• **TASK INPUT**
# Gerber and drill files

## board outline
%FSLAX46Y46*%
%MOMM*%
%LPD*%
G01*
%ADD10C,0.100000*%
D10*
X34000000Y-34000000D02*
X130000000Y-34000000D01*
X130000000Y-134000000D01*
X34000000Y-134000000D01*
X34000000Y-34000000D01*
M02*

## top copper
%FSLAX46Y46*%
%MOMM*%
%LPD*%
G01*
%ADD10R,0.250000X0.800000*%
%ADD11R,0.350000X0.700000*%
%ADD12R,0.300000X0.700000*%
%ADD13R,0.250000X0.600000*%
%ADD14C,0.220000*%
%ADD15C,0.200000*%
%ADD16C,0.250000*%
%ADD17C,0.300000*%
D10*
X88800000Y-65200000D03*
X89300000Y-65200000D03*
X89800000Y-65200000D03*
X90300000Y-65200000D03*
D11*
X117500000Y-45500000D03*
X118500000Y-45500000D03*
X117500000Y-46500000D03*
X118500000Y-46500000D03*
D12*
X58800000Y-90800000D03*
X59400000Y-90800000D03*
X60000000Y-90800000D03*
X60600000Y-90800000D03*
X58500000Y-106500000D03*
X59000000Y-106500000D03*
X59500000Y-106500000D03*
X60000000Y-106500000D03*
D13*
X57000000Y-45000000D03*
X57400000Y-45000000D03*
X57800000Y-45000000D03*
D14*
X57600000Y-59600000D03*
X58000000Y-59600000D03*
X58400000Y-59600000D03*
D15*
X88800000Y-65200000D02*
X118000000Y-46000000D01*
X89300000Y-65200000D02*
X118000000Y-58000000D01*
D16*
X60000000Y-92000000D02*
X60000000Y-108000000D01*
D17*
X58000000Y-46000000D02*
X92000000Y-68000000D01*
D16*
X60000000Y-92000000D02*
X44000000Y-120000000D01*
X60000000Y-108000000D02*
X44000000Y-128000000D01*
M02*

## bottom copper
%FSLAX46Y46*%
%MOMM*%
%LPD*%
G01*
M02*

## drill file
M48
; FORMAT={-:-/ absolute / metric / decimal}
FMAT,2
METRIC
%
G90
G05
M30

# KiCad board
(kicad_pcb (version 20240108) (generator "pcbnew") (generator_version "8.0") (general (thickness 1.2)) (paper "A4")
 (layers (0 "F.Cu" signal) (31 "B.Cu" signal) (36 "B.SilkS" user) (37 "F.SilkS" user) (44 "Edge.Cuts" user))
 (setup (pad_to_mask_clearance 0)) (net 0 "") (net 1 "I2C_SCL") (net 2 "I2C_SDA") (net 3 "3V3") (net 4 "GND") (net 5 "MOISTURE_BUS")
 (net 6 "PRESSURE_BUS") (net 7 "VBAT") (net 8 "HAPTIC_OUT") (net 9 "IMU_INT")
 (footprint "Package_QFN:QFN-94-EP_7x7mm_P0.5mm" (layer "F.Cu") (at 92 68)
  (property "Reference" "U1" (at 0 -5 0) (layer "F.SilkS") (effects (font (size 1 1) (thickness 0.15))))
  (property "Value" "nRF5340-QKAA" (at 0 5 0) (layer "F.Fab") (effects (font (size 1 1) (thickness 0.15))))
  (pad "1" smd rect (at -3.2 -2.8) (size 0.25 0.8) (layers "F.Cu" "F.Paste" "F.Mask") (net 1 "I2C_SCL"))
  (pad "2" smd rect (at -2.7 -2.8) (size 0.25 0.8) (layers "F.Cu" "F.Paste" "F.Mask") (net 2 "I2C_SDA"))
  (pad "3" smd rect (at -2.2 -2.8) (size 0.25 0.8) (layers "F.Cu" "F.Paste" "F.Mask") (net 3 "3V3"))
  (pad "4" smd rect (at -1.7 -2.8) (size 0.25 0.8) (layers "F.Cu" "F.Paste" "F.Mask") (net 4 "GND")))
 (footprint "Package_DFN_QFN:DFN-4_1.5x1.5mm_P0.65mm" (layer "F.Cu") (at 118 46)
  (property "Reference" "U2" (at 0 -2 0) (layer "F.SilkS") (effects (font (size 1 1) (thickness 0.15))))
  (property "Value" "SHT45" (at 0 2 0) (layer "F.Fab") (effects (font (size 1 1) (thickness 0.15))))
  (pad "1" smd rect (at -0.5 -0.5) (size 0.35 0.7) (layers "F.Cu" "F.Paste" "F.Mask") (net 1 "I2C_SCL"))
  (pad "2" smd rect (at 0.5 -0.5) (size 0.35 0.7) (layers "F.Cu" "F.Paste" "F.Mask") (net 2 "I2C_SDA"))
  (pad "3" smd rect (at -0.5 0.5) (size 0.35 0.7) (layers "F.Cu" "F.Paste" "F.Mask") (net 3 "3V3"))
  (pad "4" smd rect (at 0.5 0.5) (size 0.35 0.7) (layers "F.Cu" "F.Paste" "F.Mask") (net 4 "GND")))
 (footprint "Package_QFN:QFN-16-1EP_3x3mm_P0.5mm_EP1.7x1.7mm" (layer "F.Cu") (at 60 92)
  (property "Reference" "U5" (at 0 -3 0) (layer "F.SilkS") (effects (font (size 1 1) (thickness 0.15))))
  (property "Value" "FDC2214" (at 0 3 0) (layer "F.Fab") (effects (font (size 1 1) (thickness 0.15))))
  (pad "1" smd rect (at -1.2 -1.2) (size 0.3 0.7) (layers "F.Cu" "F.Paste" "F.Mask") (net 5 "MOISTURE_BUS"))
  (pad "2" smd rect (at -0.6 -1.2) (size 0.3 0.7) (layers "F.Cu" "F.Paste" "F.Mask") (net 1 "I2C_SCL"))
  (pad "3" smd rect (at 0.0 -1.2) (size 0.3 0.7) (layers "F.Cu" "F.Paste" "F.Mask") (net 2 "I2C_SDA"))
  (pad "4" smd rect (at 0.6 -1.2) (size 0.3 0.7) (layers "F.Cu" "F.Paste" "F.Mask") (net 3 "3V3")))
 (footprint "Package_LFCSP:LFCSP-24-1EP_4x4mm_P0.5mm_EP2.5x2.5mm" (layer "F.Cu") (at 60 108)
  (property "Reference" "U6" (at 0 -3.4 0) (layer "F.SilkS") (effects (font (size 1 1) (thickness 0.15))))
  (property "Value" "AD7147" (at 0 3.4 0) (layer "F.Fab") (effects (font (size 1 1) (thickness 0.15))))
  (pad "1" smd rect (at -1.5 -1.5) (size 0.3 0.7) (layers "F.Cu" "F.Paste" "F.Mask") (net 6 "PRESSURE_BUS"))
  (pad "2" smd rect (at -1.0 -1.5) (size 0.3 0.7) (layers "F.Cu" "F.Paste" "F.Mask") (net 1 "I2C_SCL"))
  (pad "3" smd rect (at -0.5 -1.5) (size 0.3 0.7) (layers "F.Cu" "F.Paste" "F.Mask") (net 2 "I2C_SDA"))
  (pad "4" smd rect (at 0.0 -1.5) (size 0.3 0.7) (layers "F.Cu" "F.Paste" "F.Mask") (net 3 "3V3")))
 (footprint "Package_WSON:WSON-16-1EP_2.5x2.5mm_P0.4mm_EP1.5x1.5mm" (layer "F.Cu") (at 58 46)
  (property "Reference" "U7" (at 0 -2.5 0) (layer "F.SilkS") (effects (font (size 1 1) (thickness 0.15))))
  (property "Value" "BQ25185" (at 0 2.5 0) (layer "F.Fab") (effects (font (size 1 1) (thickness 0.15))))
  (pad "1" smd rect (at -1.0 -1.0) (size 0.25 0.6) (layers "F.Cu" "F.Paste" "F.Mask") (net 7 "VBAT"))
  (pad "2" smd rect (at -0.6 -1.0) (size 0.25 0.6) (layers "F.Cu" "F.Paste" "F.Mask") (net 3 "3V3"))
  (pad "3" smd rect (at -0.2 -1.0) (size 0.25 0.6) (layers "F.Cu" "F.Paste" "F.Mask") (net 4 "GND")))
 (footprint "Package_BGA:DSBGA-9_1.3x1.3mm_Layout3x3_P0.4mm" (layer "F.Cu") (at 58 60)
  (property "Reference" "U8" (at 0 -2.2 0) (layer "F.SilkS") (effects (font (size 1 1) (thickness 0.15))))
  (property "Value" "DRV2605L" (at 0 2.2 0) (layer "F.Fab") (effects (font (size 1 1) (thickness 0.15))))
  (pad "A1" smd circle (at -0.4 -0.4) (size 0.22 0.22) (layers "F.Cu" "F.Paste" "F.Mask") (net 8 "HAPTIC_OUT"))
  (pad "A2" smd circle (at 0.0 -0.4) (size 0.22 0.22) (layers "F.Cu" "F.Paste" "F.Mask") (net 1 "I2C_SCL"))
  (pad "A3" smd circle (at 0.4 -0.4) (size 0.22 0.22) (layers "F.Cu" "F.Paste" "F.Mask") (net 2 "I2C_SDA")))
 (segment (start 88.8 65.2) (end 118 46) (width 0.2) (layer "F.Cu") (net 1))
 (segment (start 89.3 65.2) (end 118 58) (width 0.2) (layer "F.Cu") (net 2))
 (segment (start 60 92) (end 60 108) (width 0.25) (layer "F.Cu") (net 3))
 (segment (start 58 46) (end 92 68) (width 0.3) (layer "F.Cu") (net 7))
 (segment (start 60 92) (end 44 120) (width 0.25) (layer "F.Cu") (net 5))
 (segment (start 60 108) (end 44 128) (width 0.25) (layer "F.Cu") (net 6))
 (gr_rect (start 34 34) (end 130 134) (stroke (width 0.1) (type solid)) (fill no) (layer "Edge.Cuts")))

---

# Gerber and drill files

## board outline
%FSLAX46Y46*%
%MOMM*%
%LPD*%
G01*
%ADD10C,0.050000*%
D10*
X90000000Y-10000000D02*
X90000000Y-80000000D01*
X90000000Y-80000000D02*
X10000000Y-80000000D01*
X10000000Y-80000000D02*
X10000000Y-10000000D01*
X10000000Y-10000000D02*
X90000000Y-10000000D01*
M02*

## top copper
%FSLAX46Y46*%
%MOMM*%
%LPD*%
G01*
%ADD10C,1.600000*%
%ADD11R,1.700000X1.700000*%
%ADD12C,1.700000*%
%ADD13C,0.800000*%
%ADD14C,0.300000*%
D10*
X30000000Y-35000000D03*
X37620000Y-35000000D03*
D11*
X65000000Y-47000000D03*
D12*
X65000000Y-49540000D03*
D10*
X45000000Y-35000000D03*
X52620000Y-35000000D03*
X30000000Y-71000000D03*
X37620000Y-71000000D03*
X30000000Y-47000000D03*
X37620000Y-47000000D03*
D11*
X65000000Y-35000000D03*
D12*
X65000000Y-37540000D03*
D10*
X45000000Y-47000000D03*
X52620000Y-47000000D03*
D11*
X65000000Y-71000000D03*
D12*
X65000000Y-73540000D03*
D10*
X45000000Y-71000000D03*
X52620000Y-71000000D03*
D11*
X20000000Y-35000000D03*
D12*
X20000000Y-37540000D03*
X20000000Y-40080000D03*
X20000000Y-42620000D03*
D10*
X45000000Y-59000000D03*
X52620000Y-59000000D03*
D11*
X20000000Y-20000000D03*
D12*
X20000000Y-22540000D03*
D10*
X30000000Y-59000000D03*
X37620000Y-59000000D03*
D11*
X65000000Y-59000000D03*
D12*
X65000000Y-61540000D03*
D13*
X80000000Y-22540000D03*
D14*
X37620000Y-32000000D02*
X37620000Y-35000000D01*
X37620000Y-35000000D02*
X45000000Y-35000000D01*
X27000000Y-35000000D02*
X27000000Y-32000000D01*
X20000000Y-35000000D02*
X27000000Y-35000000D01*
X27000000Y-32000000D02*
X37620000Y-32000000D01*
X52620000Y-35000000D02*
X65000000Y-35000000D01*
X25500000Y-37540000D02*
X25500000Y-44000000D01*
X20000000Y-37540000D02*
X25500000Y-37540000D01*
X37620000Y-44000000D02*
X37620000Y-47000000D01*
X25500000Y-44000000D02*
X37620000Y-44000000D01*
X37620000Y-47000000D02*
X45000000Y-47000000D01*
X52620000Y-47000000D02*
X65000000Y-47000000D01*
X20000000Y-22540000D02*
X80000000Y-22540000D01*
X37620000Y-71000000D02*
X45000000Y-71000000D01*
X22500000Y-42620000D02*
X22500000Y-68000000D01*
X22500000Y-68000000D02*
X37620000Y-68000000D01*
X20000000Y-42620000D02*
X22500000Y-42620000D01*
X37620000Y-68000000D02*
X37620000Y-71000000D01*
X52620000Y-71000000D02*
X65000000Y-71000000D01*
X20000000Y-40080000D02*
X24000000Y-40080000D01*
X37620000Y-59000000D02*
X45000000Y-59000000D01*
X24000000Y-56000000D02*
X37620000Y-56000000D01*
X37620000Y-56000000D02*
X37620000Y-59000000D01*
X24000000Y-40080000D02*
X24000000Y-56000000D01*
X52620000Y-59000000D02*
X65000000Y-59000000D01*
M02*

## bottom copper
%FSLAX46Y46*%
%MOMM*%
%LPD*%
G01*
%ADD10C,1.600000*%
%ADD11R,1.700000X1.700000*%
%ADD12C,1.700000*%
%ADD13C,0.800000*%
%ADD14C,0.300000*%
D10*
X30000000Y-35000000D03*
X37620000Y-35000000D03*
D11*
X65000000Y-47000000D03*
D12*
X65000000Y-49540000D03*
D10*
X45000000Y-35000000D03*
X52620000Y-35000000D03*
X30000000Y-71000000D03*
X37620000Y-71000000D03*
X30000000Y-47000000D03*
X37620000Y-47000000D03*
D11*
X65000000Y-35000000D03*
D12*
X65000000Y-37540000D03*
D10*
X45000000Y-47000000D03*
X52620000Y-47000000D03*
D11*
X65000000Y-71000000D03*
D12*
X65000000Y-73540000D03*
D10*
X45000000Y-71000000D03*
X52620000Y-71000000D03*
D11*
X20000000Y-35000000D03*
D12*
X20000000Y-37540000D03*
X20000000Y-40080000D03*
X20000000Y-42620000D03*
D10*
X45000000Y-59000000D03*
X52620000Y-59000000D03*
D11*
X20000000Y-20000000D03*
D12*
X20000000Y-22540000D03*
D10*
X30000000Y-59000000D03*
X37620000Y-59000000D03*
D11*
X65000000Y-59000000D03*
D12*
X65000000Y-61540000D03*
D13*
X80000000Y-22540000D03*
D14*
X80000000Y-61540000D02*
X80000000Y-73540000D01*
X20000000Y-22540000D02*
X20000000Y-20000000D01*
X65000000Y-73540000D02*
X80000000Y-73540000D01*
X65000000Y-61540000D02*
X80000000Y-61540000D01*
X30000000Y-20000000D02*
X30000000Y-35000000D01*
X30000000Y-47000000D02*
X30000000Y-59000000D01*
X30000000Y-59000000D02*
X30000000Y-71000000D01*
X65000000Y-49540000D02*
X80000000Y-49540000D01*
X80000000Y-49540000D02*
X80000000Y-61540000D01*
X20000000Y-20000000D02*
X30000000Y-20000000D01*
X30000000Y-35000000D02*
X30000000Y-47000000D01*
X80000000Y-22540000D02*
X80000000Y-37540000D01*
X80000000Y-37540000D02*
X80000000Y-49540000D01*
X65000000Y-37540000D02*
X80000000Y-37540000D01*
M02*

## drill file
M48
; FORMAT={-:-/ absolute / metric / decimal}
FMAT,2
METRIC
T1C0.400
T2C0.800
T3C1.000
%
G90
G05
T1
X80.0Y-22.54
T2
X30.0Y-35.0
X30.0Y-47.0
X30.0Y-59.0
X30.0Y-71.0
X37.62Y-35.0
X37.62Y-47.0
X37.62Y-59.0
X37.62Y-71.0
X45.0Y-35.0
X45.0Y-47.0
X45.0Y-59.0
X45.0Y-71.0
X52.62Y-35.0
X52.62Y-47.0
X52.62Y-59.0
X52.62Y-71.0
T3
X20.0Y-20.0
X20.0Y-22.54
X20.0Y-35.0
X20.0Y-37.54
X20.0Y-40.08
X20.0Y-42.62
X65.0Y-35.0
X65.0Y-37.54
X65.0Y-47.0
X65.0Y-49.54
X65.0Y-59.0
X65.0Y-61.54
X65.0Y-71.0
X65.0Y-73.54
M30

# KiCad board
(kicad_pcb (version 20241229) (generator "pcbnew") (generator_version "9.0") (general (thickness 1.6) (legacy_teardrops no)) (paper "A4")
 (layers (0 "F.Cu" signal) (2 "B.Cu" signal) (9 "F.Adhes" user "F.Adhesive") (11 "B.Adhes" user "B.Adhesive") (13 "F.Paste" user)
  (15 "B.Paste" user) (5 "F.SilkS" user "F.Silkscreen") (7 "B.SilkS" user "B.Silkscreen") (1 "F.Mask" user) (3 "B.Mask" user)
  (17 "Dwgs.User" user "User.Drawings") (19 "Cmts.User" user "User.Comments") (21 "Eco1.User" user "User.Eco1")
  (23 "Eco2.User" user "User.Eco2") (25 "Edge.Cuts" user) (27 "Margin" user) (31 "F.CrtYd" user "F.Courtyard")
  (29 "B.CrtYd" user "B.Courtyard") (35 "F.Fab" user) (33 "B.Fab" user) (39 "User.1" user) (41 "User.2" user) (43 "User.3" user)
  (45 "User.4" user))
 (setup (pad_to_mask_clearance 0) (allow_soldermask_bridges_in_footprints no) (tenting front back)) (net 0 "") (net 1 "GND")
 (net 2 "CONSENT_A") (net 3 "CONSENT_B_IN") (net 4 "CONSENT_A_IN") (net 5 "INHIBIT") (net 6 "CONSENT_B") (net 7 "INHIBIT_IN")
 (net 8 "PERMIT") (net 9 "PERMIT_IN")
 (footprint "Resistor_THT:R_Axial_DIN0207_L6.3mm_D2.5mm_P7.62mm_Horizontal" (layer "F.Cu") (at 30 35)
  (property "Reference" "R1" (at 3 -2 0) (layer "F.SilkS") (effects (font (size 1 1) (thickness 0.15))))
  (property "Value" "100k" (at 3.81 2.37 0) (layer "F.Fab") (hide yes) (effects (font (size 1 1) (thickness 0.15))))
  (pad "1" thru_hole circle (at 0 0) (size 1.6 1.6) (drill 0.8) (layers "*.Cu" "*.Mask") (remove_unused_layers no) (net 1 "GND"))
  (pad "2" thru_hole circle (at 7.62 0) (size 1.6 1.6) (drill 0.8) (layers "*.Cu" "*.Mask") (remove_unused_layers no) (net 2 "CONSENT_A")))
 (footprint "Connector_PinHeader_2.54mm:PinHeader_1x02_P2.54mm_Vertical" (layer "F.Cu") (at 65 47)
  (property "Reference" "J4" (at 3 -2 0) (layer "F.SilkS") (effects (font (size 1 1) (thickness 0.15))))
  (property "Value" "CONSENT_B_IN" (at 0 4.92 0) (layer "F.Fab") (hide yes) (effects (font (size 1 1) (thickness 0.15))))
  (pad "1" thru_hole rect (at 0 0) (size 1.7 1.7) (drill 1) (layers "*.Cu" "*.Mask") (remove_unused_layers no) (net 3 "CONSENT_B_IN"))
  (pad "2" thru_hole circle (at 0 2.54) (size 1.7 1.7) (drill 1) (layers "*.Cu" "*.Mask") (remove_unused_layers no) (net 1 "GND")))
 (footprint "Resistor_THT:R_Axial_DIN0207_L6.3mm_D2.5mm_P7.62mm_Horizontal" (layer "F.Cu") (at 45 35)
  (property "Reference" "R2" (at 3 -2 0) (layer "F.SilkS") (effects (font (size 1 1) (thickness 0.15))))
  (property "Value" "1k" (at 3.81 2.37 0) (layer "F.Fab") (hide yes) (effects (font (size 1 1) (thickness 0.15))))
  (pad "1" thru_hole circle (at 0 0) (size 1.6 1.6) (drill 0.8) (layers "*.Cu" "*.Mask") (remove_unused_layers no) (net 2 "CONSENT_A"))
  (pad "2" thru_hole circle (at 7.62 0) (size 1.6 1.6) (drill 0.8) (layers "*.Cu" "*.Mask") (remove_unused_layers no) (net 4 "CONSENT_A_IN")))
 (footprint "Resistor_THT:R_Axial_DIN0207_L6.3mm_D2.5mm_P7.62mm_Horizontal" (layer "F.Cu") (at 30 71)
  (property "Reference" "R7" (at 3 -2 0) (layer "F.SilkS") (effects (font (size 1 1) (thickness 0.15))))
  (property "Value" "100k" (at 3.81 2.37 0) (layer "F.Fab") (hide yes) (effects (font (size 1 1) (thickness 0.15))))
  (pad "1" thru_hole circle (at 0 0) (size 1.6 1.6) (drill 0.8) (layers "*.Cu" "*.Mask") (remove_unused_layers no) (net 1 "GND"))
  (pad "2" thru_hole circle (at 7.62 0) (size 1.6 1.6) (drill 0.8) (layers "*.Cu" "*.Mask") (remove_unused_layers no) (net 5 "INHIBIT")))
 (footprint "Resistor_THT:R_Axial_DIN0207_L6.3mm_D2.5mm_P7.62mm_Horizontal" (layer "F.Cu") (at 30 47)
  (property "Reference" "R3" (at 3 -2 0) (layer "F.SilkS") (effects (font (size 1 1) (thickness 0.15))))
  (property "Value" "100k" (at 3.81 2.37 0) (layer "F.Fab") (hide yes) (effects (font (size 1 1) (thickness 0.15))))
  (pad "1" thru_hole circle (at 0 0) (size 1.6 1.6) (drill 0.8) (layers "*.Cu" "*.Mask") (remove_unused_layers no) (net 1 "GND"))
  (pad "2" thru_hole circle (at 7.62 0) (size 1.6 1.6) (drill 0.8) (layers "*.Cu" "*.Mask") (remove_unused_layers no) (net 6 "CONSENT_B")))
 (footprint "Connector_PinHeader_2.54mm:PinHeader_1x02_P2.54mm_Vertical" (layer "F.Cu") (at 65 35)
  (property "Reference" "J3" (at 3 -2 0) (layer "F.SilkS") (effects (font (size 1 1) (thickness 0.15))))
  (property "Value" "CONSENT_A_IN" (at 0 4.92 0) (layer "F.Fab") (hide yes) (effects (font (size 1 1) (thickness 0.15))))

• **THE PROBLEM**
Copy the lines above exactly, beginning at the line that has "X34000000Y-134000000D01*" and stopping after the line that has "X118500000Y-45500000D03*", and omit the rest.

• **SOLUTION TO THIS PROBLEM**
X34000000Y-134000000D01*
X34000000Y-34000000D01*
M02*

## top copper
%FSLAX46Y46*%
%MOMM*%
%LPD*%
G01*
%ADD10R,0.250000X0.800000*%
%ADD11R,0.350000X0.700000*%
%ADD12R,0.300000X0.700000*%
%ADD13R,0.250000X0.600000*%
%ADD14C,0.220000*%
%ADD15C,0.200000*%
%ADD16C,0.250000*%
%ADD17C,0.300000*%
D10*
X88800000Y-65200000D03*
X89300000Y-65200000D03*
X89800000Y-65200000D03*
X90300000Y-65200000D03*
D11*
X117500000Y-45500000D03*
X118500000Y-45500000D03*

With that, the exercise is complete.